Note 1 – Basis of Presentation

     The accompanying unaudited interim condensed consolidated financial statements of Verilink Corporation have been prepared in accordance with generally accepted accounting principles for interim financial information and with the instructions to Form 10-Q and Article 10 of Regulation S-X. Accordingly, they do not include all of the information and footnotes required by generally accepted accounting principles for complete financial statements. In the opinion of management, these statements include all adjustments, consisting of normal and recurring adjustments, considered necessary for a fair presentation of the results for the periods presented. The results of operations for the periods presented are not necessarily indicative of results which may be achieved for the entire fiscal year ending July 1, 2005. The unaudited interim condensed consolidated financial statements should be read in conjunction with the financial statements and notes thereto contained in our Annual Report on Form 10-K for the fiscal year ended July 2, 2004 as filed with the Securities and Exchange Commission. We have evaluated, and will periodically re-evaluate, our business in light of the segment reporting requirements prescribed by SFAS No. 131, Disclosures about Segments of an Enterprise and Related Information. We have determined that we should report our operations as a single operating segment.

     The accompanying financial statements have been prepared on a going concern basis which contemplates continuity of operations, realization of assets and liquidation of liabilities in the ordinary course of business and do not reflect adjustments that might result if we were not to continue as a going concern. The auditor’s report on our financial statements as of July 2, 2004 contains an explanatory paragraph, which refers to uncertain revenue streams and a low level of liquidity and notes that these matters raise substantial doubt about our ability to continue as a going concern. Sales of legacy products to our largest customer in fiscal 2004 declined from 54% of net sales in the first quarter of fiscal 2004 to 16% of net sales in the fourth quarter of fiscal 2004, and declined to zero in the first two quarters of fiscal 2005.
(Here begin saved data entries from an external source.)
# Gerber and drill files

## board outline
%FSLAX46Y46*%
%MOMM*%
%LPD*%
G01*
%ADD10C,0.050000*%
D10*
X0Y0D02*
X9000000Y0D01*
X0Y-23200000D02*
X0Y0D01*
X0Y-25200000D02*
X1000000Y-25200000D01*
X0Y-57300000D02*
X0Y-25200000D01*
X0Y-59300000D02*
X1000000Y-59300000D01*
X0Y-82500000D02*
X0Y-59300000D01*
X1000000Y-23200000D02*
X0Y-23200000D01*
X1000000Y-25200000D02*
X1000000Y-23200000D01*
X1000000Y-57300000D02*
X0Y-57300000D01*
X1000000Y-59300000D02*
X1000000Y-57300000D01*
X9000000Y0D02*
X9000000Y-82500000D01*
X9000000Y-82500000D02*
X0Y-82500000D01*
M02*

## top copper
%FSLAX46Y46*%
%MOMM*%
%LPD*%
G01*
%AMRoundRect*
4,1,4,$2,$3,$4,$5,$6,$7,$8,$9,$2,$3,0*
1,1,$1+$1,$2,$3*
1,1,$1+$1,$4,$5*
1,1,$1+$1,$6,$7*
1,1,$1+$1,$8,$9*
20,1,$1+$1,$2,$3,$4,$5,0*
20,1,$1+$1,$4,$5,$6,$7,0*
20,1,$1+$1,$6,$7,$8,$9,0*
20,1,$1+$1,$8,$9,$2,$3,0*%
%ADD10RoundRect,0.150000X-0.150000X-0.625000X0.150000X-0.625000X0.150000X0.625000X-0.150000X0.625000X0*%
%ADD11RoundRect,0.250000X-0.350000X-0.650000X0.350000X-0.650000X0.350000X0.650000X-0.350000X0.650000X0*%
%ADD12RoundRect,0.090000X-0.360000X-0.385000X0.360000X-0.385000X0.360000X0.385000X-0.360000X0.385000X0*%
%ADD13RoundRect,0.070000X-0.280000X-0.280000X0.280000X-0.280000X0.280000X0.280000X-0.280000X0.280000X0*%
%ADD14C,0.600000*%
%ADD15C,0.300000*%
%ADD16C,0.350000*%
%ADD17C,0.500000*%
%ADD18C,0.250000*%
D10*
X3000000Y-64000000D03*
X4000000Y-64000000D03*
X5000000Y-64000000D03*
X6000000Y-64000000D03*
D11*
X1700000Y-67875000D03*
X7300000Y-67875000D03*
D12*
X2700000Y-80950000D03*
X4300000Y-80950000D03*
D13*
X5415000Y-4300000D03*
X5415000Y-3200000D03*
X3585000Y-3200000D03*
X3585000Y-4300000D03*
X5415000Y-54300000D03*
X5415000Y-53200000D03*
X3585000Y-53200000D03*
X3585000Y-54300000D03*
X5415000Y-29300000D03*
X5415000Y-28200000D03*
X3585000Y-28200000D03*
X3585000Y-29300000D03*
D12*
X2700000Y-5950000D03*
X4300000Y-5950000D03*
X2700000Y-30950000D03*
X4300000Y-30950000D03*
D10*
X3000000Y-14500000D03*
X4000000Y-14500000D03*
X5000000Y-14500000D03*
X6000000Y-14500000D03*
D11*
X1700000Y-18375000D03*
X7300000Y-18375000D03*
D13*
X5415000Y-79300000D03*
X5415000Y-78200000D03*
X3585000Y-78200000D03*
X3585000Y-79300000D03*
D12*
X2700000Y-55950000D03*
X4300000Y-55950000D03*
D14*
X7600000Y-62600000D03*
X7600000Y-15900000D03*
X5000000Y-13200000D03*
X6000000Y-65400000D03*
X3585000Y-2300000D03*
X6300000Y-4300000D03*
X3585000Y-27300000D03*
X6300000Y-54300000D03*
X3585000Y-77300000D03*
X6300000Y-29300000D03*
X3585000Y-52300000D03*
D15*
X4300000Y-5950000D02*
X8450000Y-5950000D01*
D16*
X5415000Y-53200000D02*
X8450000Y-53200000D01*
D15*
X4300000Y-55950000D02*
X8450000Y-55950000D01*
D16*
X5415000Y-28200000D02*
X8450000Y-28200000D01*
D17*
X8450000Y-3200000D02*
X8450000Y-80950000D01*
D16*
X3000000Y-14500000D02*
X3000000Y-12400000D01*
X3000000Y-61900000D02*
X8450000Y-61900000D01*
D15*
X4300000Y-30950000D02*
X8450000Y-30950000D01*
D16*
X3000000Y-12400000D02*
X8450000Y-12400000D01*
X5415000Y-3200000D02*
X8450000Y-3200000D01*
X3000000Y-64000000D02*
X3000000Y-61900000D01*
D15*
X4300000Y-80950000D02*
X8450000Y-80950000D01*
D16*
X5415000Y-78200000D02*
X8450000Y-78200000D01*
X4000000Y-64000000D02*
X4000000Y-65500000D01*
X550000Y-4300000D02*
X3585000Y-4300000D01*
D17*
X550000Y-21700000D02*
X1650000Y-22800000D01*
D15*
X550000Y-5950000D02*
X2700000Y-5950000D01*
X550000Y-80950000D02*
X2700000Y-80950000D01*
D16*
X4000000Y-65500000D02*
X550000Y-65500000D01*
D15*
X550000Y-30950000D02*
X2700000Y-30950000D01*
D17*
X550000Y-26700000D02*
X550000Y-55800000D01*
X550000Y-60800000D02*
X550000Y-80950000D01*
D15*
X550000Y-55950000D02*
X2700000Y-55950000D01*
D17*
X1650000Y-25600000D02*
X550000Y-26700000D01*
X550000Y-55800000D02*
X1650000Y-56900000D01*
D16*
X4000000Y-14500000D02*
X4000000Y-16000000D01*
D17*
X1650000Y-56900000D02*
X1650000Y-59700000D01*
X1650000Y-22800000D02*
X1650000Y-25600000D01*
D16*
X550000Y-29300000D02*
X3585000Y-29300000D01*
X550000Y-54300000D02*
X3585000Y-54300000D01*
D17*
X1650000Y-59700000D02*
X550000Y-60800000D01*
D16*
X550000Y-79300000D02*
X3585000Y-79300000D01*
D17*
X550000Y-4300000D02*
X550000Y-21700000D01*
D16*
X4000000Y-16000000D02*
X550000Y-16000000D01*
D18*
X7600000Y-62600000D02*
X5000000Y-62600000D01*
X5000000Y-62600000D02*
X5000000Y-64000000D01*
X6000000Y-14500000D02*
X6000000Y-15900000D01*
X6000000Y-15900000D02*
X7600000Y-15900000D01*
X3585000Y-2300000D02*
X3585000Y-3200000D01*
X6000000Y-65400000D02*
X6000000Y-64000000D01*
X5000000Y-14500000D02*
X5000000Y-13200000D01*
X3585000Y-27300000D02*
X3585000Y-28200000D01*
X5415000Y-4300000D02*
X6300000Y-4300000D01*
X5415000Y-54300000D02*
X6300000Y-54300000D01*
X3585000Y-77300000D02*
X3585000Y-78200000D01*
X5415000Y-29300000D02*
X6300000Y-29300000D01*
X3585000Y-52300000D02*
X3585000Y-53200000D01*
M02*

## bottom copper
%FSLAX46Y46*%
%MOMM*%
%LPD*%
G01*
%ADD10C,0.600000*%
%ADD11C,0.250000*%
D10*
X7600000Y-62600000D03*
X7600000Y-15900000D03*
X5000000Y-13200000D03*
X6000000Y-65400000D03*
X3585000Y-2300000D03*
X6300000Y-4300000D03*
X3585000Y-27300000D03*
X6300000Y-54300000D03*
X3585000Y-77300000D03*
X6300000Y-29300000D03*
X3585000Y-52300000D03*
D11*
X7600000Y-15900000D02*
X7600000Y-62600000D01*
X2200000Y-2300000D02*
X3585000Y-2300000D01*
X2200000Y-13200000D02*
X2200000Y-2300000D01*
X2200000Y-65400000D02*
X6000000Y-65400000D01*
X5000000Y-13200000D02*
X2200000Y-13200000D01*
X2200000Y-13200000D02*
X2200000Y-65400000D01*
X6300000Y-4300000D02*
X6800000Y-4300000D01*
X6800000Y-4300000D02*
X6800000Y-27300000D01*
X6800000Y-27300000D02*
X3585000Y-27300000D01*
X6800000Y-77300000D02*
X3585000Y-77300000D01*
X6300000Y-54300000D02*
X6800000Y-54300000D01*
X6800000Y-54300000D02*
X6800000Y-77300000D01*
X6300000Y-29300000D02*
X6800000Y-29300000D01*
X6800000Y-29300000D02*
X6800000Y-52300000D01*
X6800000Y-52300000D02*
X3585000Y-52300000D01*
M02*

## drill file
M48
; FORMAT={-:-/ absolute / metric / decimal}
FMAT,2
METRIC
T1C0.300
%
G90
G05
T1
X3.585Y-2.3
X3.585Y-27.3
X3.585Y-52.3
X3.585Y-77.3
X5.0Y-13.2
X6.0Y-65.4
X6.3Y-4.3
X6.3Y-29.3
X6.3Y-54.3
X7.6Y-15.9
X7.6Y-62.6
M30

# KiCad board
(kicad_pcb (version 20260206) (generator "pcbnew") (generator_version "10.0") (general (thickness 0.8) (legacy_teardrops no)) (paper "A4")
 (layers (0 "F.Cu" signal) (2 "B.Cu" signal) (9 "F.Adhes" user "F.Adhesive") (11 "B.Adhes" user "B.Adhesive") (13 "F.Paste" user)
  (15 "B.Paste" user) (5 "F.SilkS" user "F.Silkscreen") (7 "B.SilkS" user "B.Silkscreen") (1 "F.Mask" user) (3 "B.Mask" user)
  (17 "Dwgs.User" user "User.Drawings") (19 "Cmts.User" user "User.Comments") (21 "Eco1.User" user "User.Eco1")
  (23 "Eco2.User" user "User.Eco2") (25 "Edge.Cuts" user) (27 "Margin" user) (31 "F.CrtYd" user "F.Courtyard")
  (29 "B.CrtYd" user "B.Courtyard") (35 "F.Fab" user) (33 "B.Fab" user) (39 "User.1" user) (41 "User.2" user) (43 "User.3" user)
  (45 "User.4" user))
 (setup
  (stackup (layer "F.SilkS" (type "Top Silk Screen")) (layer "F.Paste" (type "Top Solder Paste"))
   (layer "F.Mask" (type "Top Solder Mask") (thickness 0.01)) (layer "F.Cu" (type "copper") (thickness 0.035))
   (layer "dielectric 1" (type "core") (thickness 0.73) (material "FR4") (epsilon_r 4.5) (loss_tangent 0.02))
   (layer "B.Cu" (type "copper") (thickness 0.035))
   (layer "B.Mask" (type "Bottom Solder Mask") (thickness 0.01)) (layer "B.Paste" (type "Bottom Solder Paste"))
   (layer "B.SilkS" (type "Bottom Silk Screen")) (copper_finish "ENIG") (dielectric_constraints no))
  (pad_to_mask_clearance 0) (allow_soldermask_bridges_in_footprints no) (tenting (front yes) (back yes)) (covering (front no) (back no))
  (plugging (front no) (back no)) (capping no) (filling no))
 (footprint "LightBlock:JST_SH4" (layer "F.Cu") (at 4.5 66)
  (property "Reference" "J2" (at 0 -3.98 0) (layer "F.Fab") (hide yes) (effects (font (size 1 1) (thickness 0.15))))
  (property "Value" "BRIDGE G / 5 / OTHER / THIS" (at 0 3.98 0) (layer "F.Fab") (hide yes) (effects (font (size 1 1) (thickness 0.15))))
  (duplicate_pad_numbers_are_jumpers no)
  (pad "1" smd roundrect (at -1.5 -2) (size 0.6 1.55) (layers "F.Cu" "F.Mask" "F.Paste") (roundrect_rratio 0.25) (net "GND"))
  (pad "2" smd roundrect (at -0.5 -2) (size 0.6 1.55) (layers "F.Cu" "F.Mask" "F.Paste") (roundrect_rratio 0.25) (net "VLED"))
  (pad "3" smd roundrect (at 0.5 -2) (size 0.6 1.55) (layers "F.Cu" "F.Mask" "F.Paste") (roundrect_rratio 0.25) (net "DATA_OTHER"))
  (pad "4" smd roundrect (at 1.5 -2) (size 0.6 1.55) (layers "F.Cu" "F.Mask" "F.Paste") (roundrect_rratio 0.25) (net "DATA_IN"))
  (pad "MP" smd roundrect (at -2.8 1.875) (size 1.2 1.8) (layers "F.Cu" "F.Mask" "F.Paste") (roundrect_rratio 0.208333))
  (pad "MP" smd roundrect (at 2.8 1.875) (size 1.2 1.8) (layers "F.Cu" "F.Mask" "F.Paste") (roundrect_rratio 0.208333)))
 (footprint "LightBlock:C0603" (layer "F.Cu") (at 3.5 80.95)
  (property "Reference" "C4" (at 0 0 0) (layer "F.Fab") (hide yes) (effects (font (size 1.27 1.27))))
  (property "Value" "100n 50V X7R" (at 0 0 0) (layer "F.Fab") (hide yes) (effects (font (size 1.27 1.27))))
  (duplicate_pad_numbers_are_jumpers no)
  (pad "1" smd roundrect (at -0.8 0) (size 0.9 0.95) (layers "F.Cu" "F.Mask" "F.Paste") (roundrect_rratio 0.1) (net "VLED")
   (thermal_bridge_angle 45))
  (pad "2" smd roundrect (at 0.8 0) (size 0.9 0.95) (layers "F.Cu" "F.Mask" "F.Paste") (roundrect_rratio 0.1) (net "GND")
   (thermal_bridge_angle 45)))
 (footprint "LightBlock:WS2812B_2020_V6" (layer "F.Cu") (at 4.5 3.75)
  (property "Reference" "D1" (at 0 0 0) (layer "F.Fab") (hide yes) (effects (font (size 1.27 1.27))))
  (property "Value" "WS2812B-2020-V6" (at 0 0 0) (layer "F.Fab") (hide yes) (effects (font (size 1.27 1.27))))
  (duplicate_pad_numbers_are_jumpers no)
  (pad "1" smd roundrect (at 0.915 0.55) (size 0.7 0.7) (layers "F.Cu" "F.Mask" "F.Paste") (roundrect_rratio 0.1) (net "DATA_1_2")
   (thermal_bridge_angle 45))
  (pad "2" smd roundrect (at 0.915 -0.55) (size 0.7 0.7) (layers "F.Cu" "F.Mask" "F.Paste") (roundrect_rratio 0.1) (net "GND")
   (thermal_bridge_angle 45))
  (pad "3" smd roundrect (at -0.915 -0.55) (size 0.7 0.7) (layers "F.Cu" "F.Mask" "F.Paste") (roundrect_rratio 0.1) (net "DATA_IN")
   (thermal_bridge_angle 45))
  (pad "4" smd roundrect (at -0.915 0.55) (size 0.7 0.7) (layers "F.Cu" "F.Mask" "F.Paste") (roundrect_rratio 0.1) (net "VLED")
   (thermal_bridge_angle 45)))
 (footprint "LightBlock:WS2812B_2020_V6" (layer "F.Cu") (at 4.5 53.75)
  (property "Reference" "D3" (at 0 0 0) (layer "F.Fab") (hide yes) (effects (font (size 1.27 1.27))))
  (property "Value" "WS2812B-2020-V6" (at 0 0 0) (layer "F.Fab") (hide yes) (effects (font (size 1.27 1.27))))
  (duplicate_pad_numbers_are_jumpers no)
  (pad "1" smd roundrect (at 0.915 0.55) (size 0.7 0.7) (layers "F.Cu" "F.Mask" "F.Paste") (roundrect_rratio 0.1) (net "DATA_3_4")
   (thermal_bridge_angle 45))
  (pad "2" smd roundrect (at 0.915 -0.55) (size 0.7 0.7) (layers "F.Cu" "F.Mask" "F.Paste") (roundrect_rratio 0.1) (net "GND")
   (thermal_bridge_angle 45))
  (pad "3" smd roundrect (at -0.915 -0.55) (size 0.7 0.7) (layers "F.Cu" "F.Mask" "F.Paste") (roundrect_rratio 0.1) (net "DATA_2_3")
   (thermal_bridge_angle 45))
  (pad "4" smd roundrect (at -0.915 0.55) (size 0.7 0.7) (layers "F.Cu" "F.Mask" "F.Paste") (roundrect_rratio 0.1) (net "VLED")
   (thermal_bridge_angle 45)))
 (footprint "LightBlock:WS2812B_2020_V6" (layer "F.Cu") (at 4.5 28.75)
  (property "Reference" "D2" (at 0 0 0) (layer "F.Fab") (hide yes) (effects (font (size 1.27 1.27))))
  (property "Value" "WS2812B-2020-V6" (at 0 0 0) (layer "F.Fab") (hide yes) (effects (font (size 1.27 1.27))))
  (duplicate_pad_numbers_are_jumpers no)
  (pad "1" smd roundrect (at 0.915 0.55) (size 0.7 0.7) (layers "F.Cu" "F.Mask" "F.Paste") (roundrect_rratio 0.1) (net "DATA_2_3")
   (thermal_bridge_angle 45))
  (pad "2" smd roundrect (at 0.915 -0.55) (size 0.7 0.7) (layers "F.Cu" "F.Mask" "F.Paste") (roundrect_rratio 0.1) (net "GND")
   (thermal_bridge_angle 45))
  (pad "3" smd roundrect (at -0.915 -0.55) (size 0.7 0.7) (layers "F.Cu" "F.Mask" "F.Paste") (roundrect_rratio 0.1) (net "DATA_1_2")
   (thermal_bridge_angle 45))
  (pad "4" smd roundrect (at -0.915 0.55) (size 0.7 0.7) (layers "F.Cu" "F.Mask" "F.Paste") (roundrect_rratio 0.1) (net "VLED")
   (thermal_bridge_angle 45)))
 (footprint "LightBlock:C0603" (layer "F.Cu") (at 3.5 5.95)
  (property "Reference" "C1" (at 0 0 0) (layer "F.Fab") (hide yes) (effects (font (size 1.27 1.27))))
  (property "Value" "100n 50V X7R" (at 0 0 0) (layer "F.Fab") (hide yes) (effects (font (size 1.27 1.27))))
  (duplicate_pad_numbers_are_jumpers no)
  (pad "1" smd roundrect (at -0.8 0) (size 0.9 0.95) (layers "F.Cu" "F.Mask" "F.Paste") (roundrect_rratio 0.1) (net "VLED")
   (thermal_bridge_angle 45))
  (pad "2" smd roundrect (at 0.8 0) (size 0.9 0.95) (layers "F.Cu" "F.Mask" "F.Paste") (roundrect_rratio 0.1) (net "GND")
   (thermal_bridge_angle 45)))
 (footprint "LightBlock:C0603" (layer "F.Cu") (at 3.5 30.95)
     We have prepared for reduced legacy sales through our recent acquisitions, by investment in next generation broadband access products, and the alignment of our operating costs with management’s revenue expectations in light of current conditions in the telecommunications industry. On a quarterly basis, management will continue to evaluate revenue outlook and plans to adjust spending levels as necessary.

     Our line of credit with RBC Centura Bank (“RBC”) terminates and all borrowings thereunder are due April 7, 2005, unless accelerated or extended by RBC. (See Note 10) We will need other sources of credit or financing in early calendar 2005 to repay borrowings under the line of credit and to provide working capital. We have been in discussions with potential alternative sources of financing to repay and replace the RBC line of credit. We are currently in negotiations and expect to obtain alternative financing in the coming weeks. Since we do not yet have binding commitments, we cannot assure you that we will obtain alternative financing on terms favorable to us or at all. If additional credit or other financing is not available on terms acceptable to us, we may seek to renegotiate certain of our contractual obligations.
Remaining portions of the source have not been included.